A team led by Prof Takuya Fujimura from the Department of Physics and Materials Science, Shimane University, and Prof Shinsuke Takagi from the Department of Applied Chemistry, Tokyo Metropolitan University, have created a transparent film made of an environmentally-friendly clay mineral and a dye, magnesium porphyrin, that changes color in response to humidity (Langmuir, "Optical Humidity Sensing Using Transparent Hybrid Film Composed of Cationic Magnesium Porphyrin and Clay Mineral").
What makes this film special is the mechanism by which it achieves such a striking change. Clays have a layered structure, with nanometer-scale thin spaces in between. The team made a technical breakthrough in getting the dye into these gaps without forming aggregates, to ensure an effective response. The clay layers change their spacing in response to humidity; the confinement of the dye changes.

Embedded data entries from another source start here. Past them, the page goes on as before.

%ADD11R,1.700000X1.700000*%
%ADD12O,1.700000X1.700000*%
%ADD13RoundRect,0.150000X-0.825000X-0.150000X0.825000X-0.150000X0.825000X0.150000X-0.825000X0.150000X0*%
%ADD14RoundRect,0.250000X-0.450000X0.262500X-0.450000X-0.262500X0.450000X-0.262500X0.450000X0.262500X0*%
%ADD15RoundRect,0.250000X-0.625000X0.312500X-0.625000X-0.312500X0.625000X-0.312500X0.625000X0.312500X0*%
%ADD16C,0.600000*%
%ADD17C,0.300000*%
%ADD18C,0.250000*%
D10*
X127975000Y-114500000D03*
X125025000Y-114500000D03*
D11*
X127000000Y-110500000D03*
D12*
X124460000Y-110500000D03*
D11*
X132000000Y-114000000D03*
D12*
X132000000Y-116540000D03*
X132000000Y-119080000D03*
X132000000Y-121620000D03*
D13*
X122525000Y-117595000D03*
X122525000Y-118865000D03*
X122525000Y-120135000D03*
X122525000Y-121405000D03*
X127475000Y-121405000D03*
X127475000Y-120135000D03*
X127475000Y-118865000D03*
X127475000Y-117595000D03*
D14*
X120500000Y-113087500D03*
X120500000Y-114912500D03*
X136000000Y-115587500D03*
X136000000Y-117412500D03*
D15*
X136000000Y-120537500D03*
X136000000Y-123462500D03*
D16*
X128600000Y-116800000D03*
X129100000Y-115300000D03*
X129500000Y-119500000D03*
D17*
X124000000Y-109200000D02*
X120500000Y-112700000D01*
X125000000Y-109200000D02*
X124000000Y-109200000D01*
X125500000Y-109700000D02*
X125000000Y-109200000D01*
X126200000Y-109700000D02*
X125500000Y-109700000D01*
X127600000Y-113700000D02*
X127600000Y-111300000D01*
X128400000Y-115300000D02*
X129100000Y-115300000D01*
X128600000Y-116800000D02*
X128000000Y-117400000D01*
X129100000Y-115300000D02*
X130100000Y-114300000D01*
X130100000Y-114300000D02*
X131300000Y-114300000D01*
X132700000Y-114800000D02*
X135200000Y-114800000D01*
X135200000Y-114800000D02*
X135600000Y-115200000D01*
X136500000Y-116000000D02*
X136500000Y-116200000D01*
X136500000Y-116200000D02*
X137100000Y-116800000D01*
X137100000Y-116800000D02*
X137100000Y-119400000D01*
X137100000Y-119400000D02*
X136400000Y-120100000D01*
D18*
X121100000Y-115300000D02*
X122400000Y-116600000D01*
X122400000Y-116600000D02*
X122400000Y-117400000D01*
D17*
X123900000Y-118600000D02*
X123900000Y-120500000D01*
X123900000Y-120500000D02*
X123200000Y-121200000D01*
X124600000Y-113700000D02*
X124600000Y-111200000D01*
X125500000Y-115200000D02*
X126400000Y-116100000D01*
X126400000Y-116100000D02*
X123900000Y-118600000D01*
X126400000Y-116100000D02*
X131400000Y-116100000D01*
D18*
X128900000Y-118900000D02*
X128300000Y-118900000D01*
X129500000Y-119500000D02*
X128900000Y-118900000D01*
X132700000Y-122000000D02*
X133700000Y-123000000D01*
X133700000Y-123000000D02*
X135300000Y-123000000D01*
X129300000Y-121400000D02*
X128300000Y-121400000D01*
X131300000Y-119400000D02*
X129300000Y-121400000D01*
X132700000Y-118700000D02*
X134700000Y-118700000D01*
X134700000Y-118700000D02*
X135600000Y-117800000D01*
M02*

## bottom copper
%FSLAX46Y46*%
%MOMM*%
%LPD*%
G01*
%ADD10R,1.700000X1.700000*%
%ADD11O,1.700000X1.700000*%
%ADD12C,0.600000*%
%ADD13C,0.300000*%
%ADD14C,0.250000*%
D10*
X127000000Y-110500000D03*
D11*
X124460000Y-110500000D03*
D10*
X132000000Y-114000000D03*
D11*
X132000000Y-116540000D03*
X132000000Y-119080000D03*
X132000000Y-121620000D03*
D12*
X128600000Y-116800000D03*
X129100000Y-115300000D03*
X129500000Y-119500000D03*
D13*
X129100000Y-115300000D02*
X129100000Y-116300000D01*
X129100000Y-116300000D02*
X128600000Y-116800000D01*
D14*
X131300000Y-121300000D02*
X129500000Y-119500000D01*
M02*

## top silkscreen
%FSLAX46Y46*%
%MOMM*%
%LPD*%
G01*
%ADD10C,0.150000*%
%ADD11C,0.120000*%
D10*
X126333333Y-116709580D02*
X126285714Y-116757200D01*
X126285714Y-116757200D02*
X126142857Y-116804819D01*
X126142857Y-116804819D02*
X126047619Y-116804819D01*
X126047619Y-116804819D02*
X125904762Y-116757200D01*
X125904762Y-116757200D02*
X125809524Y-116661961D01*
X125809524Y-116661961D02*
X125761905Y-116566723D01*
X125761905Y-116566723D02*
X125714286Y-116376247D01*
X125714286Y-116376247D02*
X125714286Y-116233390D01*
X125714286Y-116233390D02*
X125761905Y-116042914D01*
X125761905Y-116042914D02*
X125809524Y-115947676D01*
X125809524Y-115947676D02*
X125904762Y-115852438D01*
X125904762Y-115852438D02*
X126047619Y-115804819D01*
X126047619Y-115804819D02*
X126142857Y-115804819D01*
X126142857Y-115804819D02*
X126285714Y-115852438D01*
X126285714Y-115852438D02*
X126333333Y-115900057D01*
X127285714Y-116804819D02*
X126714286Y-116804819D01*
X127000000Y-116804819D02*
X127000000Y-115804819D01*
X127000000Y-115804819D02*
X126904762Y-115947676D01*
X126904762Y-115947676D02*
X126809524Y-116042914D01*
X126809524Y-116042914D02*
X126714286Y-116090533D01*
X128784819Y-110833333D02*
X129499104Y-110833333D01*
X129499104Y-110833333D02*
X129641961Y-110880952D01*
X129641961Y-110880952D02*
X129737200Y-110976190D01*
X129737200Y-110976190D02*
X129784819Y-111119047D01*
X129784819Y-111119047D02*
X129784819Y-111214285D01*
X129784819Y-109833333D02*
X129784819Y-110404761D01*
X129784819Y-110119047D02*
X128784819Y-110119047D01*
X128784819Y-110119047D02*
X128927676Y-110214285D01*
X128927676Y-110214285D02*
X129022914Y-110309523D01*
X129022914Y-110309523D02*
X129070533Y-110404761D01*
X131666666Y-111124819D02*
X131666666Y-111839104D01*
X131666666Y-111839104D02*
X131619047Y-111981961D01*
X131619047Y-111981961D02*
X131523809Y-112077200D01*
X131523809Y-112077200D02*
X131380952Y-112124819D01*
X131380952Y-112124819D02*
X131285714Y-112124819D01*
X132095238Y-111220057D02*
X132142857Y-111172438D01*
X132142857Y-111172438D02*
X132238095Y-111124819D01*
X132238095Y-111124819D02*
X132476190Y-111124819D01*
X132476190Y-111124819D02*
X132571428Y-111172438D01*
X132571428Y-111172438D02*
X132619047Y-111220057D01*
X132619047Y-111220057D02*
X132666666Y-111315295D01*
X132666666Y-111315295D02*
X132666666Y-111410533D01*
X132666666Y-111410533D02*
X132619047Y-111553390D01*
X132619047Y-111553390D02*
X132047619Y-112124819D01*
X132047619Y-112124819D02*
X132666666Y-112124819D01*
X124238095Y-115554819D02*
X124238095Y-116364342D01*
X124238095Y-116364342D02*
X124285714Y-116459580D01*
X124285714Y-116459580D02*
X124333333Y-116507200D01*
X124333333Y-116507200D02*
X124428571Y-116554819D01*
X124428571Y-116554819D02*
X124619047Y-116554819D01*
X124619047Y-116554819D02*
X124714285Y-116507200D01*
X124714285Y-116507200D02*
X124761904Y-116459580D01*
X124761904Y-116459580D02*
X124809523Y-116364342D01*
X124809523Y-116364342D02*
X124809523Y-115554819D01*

More specifically, the electrons surrounding the dye molecule, particularly those involved in how it interacts with light, are made to line up with certain chemical groups in the clay, dramatically changing its color. Note that no chemical bonds are broken or made. This makes the film more compatible with repeated switching, with less degradation of the material.
The film is not just more durable. Both the clay and dye could be naturally derived materials. That means lower cost, improved safety and enhanced compatibility with the environment. The team hopes to apply the film and new mechanism to sensors and amplification in light emitting devices.